A network analysis of the legitimate hospice provider who had to shutter his business because CMS mistook him for a fraud actor would have shown an owner and his nurse wife, five years of clean claims, a single location, no shared administrators or billing addresses with known bad actors, no license transfers, no referral patterns linking them to criminal networks. In other words, the opposite of every signal that organized hospice fraud actually produces. Graph analytics catches fraud by looking at relationships rather than volume. That distinction is what separates a precision tool from a blunt one.
These are standard tools used routinely by major insurers and fintechs to detect organized fraud rings. CMS is not using them at scale, and the result is both more fraud losses and more legitimate businesses being caught up in the fraud net.
What precision actually requires
The LA hospice market is a genuine crisis, and the scale of the fraud warrants aggressive action. But aggressive action built on imprecise tools results in suspensions of legitimate providers, disruptions to patient care, and legal challenges that slow enforcement further while fraudsters move on to the next scheme.
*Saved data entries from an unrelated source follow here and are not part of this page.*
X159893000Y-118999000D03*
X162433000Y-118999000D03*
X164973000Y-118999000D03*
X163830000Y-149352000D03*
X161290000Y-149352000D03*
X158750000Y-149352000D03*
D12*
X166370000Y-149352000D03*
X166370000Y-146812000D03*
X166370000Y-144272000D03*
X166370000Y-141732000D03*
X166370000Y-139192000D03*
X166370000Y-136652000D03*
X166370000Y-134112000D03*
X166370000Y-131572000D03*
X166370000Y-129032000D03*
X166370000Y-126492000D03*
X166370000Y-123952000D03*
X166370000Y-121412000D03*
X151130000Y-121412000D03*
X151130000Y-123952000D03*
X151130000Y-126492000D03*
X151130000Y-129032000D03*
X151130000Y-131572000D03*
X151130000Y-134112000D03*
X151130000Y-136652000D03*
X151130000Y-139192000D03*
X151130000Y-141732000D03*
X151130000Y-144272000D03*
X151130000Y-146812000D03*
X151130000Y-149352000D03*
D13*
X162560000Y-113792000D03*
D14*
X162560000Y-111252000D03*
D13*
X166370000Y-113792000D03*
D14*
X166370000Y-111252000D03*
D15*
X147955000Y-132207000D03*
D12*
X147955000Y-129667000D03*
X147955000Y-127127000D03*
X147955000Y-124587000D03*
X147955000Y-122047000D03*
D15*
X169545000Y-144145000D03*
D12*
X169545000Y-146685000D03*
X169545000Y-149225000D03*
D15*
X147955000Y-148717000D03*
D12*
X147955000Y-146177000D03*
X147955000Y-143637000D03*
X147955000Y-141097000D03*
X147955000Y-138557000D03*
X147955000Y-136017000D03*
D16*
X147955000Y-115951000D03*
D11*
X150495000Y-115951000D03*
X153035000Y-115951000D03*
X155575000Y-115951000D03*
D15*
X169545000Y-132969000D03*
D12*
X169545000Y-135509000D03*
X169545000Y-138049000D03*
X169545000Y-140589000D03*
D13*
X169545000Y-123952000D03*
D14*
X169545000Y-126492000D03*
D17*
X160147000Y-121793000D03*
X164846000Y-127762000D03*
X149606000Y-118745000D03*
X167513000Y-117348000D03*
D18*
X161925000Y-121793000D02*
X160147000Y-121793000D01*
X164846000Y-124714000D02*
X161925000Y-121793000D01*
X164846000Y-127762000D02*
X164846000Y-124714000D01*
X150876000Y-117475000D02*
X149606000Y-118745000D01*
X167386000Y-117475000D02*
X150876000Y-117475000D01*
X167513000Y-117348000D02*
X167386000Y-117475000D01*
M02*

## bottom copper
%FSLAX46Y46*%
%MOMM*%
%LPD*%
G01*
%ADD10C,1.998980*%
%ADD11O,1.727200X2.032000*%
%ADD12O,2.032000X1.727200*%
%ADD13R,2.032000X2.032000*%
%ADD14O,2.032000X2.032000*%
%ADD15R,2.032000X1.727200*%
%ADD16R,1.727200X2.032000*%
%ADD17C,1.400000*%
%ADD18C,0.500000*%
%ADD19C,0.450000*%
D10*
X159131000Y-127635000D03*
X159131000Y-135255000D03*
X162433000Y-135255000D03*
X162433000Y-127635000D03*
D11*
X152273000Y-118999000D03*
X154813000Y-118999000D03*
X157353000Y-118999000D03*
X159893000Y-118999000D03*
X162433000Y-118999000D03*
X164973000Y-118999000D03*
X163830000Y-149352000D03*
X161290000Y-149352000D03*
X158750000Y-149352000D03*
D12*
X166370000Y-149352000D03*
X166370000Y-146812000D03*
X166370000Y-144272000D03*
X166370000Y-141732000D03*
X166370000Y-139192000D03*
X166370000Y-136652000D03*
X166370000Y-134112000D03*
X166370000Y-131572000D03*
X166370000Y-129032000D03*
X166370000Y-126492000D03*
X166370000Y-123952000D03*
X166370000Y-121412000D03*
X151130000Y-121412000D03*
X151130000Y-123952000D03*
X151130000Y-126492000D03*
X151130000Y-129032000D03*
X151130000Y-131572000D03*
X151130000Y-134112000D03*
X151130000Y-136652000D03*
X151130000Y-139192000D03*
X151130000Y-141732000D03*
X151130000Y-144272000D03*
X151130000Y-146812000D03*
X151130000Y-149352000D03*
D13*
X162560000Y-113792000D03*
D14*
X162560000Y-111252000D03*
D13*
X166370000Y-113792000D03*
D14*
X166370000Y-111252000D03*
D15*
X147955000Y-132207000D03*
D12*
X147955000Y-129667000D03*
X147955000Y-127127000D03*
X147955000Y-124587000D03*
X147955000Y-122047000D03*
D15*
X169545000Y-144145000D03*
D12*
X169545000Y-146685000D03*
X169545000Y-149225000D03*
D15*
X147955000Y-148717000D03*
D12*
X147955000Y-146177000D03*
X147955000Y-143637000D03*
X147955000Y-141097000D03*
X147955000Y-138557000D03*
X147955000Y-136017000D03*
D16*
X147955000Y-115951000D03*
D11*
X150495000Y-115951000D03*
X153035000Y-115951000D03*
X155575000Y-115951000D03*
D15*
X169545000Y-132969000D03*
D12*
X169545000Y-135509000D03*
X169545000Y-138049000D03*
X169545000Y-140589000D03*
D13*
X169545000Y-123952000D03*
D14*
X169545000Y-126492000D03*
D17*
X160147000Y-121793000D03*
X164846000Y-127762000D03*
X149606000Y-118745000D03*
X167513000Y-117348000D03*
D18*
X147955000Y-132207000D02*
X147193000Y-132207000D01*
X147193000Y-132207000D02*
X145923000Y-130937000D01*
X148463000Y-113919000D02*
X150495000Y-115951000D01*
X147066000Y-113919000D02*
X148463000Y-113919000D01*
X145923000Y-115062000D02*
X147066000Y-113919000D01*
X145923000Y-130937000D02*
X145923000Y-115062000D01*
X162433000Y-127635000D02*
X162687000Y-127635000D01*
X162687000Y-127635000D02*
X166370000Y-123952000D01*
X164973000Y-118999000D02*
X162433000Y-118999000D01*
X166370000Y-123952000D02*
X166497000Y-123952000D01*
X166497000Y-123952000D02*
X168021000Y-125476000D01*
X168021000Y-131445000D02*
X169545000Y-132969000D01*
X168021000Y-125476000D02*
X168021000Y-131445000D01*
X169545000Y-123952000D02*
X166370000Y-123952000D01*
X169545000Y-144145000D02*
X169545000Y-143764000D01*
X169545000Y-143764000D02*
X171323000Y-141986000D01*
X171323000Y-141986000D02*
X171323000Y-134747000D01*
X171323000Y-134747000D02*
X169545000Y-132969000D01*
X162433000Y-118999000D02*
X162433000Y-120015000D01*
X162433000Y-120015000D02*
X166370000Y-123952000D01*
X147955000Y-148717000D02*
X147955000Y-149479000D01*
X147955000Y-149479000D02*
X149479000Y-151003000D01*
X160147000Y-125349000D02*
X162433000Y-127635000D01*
And the headlines of legitimate businesses having to shutter because CMS stopped paying them undermines the public’s trust in the government’s ability to fight fraud effectively.
Precision requires individualized behavioral baselines, not just benchmark comparisons. It requires cross-program data visibility so that fraud networks exploiting multiple federal programs can be identified as networks rather than as a series of unconnected anomalies. It requires a defined, transparent evidentiary standard for payment suspension so that providers have meaningful notice and a credible path to appeal. And it requires the use of intelligence to draw connections that uncover hidden fraud networks.
The Vance task force is putting the right level of senior attention on fraud, but the detection infrastructure the government is working with is outdated and poorly fit to the scale of the problem. CMS is piloting new tools in an effort to address the enormous shortcomings of its current approach, but the hospice owner who had a 9 out of 10 quality score and lost his business anyway paid the price for those shortcomings.